The problem => Repeat only the lines below from the one containing "X139132589Y-110794811D02*" through the one containing "X141720000Y-110207400D01*", inclusive, exactly as written.

Material for this task =>
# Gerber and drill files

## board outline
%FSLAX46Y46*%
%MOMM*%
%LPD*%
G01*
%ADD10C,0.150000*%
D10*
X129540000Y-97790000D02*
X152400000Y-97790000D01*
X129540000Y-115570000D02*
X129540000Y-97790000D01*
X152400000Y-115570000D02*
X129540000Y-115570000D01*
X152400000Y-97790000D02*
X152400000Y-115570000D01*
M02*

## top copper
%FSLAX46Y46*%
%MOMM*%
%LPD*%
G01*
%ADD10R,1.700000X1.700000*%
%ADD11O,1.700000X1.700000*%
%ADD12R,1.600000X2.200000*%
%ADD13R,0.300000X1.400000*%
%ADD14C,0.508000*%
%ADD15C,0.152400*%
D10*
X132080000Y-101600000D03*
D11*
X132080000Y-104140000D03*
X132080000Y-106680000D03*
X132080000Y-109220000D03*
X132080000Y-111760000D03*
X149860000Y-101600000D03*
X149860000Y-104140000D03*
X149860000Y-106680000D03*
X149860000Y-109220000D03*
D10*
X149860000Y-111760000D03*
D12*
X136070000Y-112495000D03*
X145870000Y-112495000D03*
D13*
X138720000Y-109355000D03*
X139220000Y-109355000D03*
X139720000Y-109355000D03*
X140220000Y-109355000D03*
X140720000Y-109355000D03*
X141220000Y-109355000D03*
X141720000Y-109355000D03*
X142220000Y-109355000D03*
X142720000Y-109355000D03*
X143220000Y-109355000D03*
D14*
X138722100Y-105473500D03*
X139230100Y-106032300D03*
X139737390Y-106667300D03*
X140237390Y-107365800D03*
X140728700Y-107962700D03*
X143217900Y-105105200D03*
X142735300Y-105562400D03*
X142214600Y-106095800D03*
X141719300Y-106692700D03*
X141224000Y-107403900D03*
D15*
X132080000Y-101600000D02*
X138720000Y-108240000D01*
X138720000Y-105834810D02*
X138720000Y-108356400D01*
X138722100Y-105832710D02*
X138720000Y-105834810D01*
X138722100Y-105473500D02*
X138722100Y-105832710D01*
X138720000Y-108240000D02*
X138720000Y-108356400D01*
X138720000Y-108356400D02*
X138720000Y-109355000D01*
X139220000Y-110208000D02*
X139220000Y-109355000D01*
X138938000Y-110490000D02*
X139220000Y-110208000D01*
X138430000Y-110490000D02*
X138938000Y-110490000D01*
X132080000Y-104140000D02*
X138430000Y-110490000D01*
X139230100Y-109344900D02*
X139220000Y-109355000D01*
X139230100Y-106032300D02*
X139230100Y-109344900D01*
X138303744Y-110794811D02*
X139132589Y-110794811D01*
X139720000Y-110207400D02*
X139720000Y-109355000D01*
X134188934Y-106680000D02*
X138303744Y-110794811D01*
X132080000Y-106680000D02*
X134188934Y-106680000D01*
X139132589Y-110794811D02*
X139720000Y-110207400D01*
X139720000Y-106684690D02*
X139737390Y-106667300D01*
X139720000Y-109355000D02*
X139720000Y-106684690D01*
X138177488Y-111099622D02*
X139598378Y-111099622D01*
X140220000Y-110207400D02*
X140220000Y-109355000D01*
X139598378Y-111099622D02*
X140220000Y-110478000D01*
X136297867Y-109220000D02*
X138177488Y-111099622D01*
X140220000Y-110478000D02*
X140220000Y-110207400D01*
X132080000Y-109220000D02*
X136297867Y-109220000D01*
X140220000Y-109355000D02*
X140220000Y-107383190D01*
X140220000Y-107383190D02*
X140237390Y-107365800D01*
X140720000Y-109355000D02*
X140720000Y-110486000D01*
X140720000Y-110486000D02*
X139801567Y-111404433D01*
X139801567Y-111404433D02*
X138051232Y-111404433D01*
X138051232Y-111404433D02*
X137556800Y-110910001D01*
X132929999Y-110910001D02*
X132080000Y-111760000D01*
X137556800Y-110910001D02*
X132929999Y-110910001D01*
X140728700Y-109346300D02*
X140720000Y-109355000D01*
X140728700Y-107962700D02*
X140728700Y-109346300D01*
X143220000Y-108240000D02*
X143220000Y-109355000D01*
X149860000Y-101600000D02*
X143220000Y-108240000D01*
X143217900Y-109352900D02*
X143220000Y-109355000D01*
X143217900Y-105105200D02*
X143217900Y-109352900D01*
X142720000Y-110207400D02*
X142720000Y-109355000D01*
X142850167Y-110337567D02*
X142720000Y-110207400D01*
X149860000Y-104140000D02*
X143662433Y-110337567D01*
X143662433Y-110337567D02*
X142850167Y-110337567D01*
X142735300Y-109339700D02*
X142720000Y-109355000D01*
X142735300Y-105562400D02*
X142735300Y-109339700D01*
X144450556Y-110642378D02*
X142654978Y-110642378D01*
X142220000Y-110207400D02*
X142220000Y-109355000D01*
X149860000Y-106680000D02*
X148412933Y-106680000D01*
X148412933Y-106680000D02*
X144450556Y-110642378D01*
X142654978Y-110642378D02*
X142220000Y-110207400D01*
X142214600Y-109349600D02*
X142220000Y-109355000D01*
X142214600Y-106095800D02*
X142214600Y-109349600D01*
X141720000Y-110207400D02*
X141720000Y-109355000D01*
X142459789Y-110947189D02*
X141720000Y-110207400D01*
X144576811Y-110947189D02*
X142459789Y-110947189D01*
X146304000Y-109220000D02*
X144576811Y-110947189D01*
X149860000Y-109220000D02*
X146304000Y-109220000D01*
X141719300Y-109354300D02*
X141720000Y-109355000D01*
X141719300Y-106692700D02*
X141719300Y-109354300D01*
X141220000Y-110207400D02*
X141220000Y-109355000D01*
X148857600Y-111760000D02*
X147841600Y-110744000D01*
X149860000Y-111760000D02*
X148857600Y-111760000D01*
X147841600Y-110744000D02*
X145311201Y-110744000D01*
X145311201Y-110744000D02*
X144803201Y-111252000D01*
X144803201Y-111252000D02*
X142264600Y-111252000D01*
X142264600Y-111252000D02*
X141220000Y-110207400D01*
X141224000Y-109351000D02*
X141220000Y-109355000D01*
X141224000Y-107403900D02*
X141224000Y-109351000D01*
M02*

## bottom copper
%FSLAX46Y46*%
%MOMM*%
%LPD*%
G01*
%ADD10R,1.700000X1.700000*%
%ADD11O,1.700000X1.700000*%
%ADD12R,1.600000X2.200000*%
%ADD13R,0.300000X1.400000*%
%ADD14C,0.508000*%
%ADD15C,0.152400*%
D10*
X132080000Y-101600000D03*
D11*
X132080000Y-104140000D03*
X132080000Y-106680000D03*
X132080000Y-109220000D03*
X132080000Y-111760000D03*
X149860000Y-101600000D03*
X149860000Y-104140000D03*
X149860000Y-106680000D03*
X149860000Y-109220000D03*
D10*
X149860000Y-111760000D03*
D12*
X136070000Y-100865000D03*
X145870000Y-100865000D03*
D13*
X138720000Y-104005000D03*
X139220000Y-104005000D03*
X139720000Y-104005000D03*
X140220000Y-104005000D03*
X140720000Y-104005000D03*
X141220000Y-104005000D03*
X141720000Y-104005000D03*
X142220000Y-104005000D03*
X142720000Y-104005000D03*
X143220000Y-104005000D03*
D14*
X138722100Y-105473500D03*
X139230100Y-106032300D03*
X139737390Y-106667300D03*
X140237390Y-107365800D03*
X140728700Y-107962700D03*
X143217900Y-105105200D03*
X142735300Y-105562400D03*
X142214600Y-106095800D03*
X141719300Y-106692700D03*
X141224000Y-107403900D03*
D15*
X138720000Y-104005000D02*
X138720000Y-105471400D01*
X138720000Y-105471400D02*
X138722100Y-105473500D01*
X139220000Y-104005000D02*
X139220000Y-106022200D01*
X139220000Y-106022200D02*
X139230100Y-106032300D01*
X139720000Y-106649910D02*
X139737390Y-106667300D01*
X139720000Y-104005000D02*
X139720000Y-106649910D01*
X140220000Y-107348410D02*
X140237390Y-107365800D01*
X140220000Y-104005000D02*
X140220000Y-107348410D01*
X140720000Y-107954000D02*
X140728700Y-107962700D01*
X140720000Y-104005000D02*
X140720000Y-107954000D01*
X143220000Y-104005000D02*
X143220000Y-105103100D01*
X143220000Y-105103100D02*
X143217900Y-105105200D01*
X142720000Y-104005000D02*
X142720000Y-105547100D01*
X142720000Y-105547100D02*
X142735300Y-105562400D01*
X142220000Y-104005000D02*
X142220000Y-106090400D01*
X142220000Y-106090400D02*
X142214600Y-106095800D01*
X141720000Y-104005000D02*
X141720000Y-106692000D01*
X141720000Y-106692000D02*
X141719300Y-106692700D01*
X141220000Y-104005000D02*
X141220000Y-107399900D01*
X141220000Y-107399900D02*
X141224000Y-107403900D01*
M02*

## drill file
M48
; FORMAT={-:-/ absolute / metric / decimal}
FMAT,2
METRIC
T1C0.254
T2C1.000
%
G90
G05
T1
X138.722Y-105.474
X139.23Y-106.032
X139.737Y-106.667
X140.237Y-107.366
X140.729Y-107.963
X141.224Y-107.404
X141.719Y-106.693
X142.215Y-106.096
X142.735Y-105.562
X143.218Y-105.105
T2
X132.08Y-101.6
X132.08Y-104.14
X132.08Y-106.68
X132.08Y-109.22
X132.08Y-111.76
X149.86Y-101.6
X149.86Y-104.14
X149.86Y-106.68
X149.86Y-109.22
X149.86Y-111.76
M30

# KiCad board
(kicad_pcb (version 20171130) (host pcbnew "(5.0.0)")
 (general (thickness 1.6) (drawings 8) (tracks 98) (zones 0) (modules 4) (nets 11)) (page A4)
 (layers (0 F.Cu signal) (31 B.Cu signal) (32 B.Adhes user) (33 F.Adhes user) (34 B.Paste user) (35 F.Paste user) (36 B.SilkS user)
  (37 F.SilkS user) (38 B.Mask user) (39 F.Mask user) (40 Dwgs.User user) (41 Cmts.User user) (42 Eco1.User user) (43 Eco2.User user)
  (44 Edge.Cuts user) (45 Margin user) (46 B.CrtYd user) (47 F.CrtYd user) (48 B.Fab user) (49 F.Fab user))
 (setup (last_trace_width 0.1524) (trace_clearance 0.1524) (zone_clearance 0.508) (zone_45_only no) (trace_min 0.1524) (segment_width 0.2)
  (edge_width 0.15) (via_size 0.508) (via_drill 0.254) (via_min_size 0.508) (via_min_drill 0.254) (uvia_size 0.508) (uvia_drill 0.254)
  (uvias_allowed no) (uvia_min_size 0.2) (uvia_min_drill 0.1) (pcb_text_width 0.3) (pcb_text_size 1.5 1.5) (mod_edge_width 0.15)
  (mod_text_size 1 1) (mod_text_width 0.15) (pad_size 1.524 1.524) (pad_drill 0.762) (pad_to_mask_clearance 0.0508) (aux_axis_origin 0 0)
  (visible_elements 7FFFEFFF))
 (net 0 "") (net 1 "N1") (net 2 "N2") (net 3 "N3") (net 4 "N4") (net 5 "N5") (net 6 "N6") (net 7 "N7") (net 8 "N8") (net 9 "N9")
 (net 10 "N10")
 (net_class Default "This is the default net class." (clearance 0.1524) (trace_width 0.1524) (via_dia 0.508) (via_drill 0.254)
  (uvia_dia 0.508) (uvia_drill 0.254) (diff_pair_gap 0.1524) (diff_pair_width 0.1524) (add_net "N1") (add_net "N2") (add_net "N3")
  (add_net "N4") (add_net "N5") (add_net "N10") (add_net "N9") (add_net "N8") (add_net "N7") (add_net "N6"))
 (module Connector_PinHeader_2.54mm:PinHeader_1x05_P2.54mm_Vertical (layer F.Cu) (at 132.08 101.6)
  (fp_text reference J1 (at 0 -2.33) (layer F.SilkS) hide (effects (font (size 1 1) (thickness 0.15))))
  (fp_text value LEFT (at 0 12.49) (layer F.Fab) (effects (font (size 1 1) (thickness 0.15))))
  (pad 1 thru_hole rect (at 0 0) (size 1.7 1.7) (drill 1) (layers *.Cu *.Mask) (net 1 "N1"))
  (pad 2 thru_hole oval (at 0 2.54) (size 1.7 1.7) (drill 1) (layers *.Cu *.Mask) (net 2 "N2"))
  (pad 3 thru_hole oval (at 0 5.08) (size 1.7 1.7) (drill 1) (layers *.Cu *.Mask) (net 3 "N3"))
  (pad 4 thru_hole oval (at 0 7.62) (size 1.7 1.7) (drill 1) (layers *.Cu *.Mask) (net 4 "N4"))
  (pad 5 thru_hole oval (at 0 10.16) (size 1.7 1.7) (drill 1) (layers *.Cu *.Mask) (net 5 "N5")))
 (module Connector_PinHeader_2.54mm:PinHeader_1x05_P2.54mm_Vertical (layer F.Cu) (at 149.86 111.76 180)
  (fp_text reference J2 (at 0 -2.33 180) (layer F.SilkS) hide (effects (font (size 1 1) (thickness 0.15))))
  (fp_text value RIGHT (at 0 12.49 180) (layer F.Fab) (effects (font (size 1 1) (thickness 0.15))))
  (pad 5 thru_hole oval (at 0 10.16 180) (size 1.7 1.7) (drill 1) (layers *.Cu *.Mask) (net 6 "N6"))
  (pad 4 thru_hole oval (at 0 7.62 180) (size 1.7 1.7) (drill 1) (layers *.Cu *.Mask) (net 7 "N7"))
  (pad 3 thru_hole oval (at 0 5.08 180) (size 1.7 1.7) (drill 1) (layers *.Cu *.Mask) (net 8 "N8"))
  (pad 2 thru_hole oval (at 0 2.54 180) (size 1.7 1.7) (drill 1) (layers *.Cu *.Mask) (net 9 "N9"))
  (pad 1 thru_hole rect (at 0 0 180) (size 1.7 1.7) (drill 1) (layers *.Cu *.Mask) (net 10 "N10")))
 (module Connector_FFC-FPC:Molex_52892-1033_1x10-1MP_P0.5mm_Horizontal (layer B.Cu) (at 140.97 102.235)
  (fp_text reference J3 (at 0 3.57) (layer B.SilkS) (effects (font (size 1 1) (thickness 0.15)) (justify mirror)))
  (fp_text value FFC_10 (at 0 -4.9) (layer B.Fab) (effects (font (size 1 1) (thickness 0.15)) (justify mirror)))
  (pad MP smd rect (at -4.9 -1.37) (size 1.6 2.2) (layers B.Cu B.Paste B.Mask))
  (pad MP smd rect (at 4.9 -1.37) (size 1.6 2.2) (layers B.Cu B.Paste B.Mask))
  (pad 1 smd rect (at -2.25 1.77) (size 0.3 1.4) (layers B.Cu B.Paste B.Mask) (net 1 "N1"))
  (pad 2 smd rect (at -1.75 1.77) (size 0.3 1.4) (layers B.Cu B.Paste B.Mask) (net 2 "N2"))
  (pad 3 smd rect (at -1.25 1.77) (size 0.3 1.4) (layers B.Cu B.Paste B.Mask) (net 3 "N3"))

Answer for this exercise =>
X139132589Y-110794811D02*
X139720000Y-110207400D01*
X139720000Y-106684690D02*
X139737390Y-106667300D01*
X139720000Y-109355000D02*
X139720000Y-106684690D01*
X138177488Y-111099622D02*
X139598378Y-111099622D01*
X140220000Y-110207400D02*
X140220000Y-109355000D01*
X139598378Y-111099622D02*
X140220000Y-110478000D01*
X136297867Y-109220000D02*
X138177488Y-111099622D01*
X140220000Y-110478000D02*
X140220000Y-110207400D01*
X132080000Y-109220000D02*
X136297867Y-109220000D01*
X140220000Y-109355000D02*
X140220000Y-107383190D01*
X140220000Y-107383190D02*
X140237390Y-107365800D01*
X140720000Y-109355000D02*
X140720000Y-110486000D01*
X140720000Y-110486000D02*
X139801567Y-111404433D01*
X139801567Y-111404433D02*
X138051232Y-111404433D01*
X138051232Y-111404433D02*
X137556800Y-110910001D01*
X132929999Y-110910001D02*
X132080000Y-111760000D01*
X137556800Y-110910001D02*
X132929999Y-110910001D01*
X140728700Y-109346300D02*
X140720000Y-109355000D01*
X140728700Y-107962700D02*
X140728700Y-109346300D01*
X143220000Y-108240000D02*
X143220000Y-109355000D01*
X149860000Y-101600000D02*
X143220000Y-108240000D01*
X143217900Y-109352900D02*
X143220000Y-109355000D01*
X143217900Y-105105200D02*
X143217900Y-109352900D01*
X142720000Y-110207400D02*
X142720000Y-109355000D01*
X142850167Y-110337567D02*
X142720000Y-110207400D01*
X149860000Y-104140000D02*
X143662433Y-110337567D01*
X143662433Y-110337567D02*
X142850167Y-110337567D01*
X142735300Y-109339700D02*
X142720000Y-109355000D01*
X142735300Y-105562400D02*
X142735300Y-109339700D01*
X144450556Y-110642378D02*
X142654978Y-110642378D01*
X142220000Y-110207400D02*
X142220000Y-109355000D01*
X149860000Y-106680000D02*
X148412933Y-106680000D01*
X148412933Y-106680000D02*
X144450556Y-110642378D01*
X142654978Y-110642378D02*
X142220000Y-110207400D01*
X142214600Y-109349600D02*
X142220000Y-109355000D01*
X142214600Y-106095800D02*
X142214600Y-109349600D01*
X141720000Y-110207400D02*
X141720000Y-109355000D01*
X142459789Y-110947189D02*
X141720000Y-110207400D01*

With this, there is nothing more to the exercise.